Stored data
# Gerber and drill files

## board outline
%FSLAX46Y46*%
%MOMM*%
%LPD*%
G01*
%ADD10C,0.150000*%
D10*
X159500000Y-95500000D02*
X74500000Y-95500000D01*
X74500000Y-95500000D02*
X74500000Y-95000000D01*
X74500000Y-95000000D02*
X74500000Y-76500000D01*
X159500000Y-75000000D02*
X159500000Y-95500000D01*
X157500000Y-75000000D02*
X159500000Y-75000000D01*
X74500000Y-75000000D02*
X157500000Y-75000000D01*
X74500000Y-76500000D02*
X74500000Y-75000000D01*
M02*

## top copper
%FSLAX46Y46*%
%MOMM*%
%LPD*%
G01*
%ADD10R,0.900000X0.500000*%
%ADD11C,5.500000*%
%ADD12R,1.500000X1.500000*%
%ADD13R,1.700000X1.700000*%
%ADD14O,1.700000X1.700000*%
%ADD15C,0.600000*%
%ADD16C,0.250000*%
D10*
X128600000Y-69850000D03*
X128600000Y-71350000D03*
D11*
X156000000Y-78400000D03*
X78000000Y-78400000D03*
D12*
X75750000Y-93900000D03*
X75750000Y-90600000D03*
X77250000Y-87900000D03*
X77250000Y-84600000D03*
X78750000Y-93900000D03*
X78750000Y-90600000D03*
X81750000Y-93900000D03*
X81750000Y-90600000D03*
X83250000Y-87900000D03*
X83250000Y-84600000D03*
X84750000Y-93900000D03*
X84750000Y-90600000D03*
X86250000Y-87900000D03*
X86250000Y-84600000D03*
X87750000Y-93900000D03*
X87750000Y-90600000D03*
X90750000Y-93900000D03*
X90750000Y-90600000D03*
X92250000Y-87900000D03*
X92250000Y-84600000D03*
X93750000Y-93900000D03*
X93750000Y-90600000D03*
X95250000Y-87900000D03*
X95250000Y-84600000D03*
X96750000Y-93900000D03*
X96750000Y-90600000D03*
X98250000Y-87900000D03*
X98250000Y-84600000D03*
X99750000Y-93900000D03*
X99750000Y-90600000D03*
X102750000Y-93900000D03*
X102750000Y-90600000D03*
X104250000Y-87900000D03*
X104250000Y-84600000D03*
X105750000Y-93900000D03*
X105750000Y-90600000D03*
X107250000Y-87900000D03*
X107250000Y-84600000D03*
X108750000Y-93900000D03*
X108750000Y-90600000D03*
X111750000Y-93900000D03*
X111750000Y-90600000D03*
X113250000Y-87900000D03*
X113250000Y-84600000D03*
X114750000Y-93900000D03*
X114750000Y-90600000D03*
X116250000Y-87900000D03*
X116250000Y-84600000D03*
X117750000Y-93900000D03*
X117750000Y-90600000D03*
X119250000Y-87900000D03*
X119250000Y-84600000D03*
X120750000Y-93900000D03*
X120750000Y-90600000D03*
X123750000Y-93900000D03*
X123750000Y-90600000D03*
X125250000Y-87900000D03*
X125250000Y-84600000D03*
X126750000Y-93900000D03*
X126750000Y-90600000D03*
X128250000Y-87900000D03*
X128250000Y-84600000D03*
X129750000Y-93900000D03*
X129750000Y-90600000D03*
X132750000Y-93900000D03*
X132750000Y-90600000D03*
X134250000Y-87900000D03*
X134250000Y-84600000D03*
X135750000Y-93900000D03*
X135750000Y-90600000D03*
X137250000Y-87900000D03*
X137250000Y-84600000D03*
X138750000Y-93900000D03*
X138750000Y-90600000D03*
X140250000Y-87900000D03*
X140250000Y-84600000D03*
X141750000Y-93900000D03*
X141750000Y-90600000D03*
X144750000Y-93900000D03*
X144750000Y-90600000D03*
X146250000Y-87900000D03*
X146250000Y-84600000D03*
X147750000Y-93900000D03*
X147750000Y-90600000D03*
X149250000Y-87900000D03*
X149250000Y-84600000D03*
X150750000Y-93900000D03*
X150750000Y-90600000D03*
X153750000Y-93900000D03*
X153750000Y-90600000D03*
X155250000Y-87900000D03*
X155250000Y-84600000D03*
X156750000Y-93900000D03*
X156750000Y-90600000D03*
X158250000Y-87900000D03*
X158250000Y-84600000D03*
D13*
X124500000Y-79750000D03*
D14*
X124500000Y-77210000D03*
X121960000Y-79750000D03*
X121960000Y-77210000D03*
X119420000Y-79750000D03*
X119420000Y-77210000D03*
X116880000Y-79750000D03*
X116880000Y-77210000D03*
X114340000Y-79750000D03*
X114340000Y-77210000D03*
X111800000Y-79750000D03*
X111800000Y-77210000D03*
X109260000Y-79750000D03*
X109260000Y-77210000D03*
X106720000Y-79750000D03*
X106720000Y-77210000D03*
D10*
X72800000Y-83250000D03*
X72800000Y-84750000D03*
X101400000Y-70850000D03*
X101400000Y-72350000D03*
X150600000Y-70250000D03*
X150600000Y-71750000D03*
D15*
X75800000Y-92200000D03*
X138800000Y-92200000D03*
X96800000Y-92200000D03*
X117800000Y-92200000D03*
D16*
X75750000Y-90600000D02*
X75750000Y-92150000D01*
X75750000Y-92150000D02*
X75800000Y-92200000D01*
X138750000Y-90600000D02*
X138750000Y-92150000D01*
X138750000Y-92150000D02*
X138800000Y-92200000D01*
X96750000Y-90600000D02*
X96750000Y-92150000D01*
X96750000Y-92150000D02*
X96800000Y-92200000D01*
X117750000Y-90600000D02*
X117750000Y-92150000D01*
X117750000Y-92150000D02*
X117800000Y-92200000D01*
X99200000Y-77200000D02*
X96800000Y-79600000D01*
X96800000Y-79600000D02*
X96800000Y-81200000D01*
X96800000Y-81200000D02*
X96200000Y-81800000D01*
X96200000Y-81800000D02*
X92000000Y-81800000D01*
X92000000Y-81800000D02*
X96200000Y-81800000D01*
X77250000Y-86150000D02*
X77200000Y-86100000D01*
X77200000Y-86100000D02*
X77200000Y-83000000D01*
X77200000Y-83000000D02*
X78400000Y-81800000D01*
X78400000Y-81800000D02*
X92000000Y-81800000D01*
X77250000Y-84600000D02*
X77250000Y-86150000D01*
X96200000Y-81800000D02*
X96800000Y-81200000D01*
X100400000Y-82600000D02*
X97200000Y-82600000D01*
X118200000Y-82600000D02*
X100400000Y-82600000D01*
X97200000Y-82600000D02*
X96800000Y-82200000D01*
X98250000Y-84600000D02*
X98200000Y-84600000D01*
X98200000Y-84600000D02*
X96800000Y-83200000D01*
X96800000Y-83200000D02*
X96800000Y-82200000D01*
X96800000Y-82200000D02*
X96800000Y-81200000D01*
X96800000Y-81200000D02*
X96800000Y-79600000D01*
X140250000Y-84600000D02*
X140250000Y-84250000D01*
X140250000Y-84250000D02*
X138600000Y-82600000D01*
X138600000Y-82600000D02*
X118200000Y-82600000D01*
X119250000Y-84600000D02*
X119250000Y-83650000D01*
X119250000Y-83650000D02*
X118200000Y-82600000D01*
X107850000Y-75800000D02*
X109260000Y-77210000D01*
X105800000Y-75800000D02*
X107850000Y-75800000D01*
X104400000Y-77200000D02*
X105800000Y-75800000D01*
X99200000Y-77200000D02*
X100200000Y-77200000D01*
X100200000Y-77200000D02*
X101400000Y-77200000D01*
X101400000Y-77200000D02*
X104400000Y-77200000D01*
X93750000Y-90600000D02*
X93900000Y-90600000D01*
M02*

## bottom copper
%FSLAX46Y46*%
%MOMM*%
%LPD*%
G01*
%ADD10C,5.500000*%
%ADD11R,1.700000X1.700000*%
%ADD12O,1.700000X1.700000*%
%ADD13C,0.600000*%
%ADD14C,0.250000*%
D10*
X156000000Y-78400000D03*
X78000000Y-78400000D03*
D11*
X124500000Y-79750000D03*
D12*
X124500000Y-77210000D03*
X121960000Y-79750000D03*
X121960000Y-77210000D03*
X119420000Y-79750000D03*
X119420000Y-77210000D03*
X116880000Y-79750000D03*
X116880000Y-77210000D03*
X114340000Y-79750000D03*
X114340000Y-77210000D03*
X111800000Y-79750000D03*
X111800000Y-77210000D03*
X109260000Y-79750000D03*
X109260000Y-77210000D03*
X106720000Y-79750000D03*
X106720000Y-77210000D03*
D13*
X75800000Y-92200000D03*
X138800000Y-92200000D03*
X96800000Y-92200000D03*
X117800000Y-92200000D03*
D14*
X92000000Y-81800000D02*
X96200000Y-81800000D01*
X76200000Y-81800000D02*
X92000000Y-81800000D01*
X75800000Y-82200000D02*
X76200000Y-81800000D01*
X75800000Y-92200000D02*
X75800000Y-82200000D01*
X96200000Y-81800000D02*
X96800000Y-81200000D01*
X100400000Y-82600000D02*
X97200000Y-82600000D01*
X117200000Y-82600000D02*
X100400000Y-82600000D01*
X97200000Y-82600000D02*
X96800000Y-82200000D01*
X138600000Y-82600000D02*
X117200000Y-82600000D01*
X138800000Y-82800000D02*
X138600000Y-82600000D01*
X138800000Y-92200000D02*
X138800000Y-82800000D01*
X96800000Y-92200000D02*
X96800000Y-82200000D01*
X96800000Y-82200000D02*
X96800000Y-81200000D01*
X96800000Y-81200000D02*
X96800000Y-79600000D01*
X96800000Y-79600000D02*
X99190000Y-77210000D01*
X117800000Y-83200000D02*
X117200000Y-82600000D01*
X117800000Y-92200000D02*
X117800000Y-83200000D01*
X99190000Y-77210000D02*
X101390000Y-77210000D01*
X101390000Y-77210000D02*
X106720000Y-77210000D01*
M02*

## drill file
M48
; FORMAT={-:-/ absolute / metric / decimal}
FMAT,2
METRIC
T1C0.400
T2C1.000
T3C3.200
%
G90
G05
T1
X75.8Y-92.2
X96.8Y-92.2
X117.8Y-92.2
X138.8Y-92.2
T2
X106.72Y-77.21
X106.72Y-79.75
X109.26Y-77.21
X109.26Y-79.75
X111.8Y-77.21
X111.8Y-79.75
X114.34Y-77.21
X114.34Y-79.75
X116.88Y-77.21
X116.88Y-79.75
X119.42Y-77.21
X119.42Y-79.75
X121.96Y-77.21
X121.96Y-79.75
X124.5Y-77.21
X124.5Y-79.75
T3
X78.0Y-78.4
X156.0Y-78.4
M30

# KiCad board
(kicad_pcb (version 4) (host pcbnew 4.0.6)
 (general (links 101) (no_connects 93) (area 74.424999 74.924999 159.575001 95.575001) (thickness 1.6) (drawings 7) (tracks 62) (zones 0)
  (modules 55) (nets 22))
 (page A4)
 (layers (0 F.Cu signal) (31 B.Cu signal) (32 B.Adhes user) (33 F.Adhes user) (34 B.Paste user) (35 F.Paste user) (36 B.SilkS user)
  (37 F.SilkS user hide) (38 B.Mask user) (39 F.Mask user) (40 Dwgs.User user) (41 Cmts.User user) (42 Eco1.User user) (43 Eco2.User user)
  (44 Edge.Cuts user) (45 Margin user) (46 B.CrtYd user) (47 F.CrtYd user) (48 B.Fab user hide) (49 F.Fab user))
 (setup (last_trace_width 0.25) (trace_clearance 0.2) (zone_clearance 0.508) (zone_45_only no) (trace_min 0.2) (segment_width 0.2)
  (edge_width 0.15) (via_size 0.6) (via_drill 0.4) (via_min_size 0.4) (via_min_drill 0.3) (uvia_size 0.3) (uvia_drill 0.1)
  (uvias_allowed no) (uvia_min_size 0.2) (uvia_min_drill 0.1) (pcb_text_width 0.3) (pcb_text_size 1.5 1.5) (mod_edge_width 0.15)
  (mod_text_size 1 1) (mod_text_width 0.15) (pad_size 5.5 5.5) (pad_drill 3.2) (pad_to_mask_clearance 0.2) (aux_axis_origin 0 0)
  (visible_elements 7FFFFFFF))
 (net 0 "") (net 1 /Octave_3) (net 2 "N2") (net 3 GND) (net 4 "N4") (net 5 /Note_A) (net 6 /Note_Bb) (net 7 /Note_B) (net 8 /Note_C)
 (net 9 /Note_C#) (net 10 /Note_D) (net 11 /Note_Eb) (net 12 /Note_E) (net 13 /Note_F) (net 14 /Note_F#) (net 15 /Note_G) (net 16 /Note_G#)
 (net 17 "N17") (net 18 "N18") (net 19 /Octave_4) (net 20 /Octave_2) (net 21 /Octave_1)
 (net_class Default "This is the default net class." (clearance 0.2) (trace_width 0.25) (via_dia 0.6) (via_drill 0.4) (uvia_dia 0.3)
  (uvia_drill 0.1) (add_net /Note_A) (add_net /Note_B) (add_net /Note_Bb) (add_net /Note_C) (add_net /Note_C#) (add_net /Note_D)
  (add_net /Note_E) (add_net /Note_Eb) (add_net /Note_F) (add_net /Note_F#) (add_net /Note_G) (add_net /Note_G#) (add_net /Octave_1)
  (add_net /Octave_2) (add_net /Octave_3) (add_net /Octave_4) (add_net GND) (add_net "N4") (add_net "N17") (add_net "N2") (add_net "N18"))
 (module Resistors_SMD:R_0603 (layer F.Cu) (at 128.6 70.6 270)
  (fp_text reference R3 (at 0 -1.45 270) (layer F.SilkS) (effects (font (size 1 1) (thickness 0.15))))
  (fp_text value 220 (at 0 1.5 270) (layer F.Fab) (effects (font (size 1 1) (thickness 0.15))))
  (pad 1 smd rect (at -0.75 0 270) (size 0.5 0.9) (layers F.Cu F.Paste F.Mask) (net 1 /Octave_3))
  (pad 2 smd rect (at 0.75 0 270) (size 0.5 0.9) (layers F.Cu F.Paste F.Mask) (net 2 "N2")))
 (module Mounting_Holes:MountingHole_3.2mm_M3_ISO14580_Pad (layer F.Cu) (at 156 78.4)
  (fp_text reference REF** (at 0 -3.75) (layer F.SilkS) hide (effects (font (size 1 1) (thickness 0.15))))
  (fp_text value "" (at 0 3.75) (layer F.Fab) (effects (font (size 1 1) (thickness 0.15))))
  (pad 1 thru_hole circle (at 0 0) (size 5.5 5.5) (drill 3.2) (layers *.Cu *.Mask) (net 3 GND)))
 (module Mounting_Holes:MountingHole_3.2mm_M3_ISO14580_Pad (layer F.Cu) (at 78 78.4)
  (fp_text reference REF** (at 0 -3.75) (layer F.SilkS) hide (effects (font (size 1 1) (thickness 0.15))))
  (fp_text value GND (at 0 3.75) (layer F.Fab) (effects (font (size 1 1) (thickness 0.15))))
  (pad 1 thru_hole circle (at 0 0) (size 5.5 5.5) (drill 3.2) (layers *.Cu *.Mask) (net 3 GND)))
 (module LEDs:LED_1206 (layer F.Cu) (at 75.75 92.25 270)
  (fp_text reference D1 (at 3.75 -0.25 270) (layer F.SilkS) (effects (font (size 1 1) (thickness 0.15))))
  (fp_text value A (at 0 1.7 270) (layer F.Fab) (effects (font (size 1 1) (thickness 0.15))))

---

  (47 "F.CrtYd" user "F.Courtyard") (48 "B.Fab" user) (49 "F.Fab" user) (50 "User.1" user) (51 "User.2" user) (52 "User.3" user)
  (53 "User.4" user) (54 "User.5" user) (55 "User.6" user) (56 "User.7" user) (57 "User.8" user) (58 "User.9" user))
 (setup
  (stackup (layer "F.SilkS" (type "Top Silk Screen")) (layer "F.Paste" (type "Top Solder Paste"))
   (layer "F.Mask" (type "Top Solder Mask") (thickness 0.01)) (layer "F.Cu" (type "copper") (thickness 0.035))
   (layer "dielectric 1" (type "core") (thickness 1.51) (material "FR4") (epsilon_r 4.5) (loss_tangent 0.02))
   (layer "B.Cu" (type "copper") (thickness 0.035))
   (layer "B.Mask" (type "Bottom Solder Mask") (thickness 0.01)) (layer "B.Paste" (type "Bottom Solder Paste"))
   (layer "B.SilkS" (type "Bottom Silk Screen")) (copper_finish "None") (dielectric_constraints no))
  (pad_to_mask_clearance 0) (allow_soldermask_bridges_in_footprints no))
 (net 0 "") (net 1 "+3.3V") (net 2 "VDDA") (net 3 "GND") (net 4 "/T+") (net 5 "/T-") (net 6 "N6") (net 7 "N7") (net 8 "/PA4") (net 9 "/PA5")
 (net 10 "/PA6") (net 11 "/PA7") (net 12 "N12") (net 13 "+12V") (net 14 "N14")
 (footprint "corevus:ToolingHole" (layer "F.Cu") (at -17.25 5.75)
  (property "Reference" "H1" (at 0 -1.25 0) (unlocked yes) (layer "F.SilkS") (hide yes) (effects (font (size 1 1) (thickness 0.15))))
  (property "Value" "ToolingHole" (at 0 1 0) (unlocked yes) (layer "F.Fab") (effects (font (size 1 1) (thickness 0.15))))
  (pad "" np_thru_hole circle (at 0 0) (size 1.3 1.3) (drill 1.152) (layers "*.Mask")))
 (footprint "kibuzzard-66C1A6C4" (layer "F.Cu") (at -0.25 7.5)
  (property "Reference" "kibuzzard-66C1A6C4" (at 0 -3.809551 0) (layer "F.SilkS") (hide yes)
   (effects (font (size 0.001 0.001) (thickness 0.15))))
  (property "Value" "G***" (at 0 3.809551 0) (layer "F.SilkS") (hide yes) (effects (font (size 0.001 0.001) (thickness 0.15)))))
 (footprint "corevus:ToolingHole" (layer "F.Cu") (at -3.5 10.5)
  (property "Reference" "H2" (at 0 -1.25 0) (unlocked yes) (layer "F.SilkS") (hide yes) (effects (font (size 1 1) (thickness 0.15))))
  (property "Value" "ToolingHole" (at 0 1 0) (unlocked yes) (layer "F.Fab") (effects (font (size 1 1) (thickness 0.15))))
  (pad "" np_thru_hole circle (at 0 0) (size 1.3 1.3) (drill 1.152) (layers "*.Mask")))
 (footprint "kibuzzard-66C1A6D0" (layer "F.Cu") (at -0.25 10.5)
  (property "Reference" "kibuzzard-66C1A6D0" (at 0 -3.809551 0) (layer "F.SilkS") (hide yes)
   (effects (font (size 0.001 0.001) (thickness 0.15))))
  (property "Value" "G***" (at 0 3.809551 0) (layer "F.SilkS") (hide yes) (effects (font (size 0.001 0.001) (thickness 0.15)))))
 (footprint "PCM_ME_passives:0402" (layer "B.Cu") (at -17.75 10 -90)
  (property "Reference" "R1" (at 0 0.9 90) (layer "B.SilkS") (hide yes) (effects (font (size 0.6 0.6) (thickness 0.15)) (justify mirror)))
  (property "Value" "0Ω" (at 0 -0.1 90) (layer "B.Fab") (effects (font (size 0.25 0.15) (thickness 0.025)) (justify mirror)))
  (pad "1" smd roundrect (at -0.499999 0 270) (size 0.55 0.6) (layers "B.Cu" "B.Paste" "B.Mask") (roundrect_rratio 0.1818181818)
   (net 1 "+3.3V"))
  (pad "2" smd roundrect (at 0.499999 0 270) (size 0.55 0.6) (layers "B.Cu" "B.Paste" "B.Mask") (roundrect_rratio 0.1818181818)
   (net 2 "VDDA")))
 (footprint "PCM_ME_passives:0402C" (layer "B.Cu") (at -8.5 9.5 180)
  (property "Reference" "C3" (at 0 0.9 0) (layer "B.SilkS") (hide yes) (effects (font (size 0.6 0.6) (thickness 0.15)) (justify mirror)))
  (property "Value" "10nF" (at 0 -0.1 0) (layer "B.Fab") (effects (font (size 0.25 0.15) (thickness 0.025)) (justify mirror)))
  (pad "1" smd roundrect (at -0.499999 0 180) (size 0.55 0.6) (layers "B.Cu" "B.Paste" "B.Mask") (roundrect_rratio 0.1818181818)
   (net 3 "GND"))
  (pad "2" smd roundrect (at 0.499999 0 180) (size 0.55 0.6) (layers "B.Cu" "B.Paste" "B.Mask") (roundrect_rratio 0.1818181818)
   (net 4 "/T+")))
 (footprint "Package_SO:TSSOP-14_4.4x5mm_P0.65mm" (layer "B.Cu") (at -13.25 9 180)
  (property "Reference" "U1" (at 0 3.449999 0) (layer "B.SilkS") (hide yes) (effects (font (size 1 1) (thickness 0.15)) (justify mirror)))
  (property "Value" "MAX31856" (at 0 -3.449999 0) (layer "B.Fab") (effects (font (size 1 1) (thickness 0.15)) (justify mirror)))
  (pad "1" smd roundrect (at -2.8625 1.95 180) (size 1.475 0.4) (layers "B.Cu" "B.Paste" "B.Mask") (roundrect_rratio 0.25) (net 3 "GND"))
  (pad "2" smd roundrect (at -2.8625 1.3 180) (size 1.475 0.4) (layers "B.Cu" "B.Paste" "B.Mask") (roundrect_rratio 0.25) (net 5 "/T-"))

==

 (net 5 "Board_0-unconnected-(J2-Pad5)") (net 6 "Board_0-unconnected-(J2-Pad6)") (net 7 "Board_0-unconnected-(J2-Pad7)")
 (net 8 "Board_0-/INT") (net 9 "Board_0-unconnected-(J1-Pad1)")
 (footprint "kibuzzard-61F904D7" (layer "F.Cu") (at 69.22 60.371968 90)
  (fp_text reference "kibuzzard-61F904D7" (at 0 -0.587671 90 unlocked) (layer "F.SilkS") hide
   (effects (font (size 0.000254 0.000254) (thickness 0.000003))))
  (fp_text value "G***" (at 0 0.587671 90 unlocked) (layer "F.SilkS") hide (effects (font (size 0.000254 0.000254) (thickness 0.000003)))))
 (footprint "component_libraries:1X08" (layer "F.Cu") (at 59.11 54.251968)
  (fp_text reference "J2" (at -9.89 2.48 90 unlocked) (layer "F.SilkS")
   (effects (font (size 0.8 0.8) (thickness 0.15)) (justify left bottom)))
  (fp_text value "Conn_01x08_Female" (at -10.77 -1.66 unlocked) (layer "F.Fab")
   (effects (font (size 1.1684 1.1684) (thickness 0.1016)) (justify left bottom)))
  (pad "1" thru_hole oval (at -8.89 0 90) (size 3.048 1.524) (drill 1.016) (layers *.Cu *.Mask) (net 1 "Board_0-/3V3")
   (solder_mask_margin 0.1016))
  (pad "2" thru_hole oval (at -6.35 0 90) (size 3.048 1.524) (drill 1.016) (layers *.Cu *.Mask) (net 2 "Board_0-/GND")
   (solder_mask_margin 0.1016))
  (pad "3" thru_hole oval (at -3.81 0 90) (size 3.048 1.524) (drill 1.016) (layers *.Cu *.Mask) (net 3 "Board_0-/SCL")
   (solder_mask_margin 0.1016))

What is needed. Repeat word for word the lines above that run from the line containing "X132750000Y-93900000D03*" through the line containing "X149250000Y-87900000D03*", both ends included, and nothing else.

Response area.
X132750000Y-93900000D03*
X132750000Y-90600000D03*
X134250000Y-87900000D03*
X134250000Y-84600000D03*
X135750000Y-93900000D03*
X135750000Y-90600000D03*
X137250000Y-87900000D03*
X137250000Y-84600000D03*
X138750000Y-93900000D03*
X138750000Y-90600000D03*
X140250000Y-87900000D03*
X140250000Y-84600000D03*
X141750000Y-93900000D03*
X141750000Y-90600000D03*
X144750000Y-93900000D03*
X144750000Y-90600000D03*
X146250000Y-87900000D03*
X146250000Y-84600000D03*
X147750000Y-93900000D03*
X147750000Y-90600000D03*
X149250000Y-87900000D03*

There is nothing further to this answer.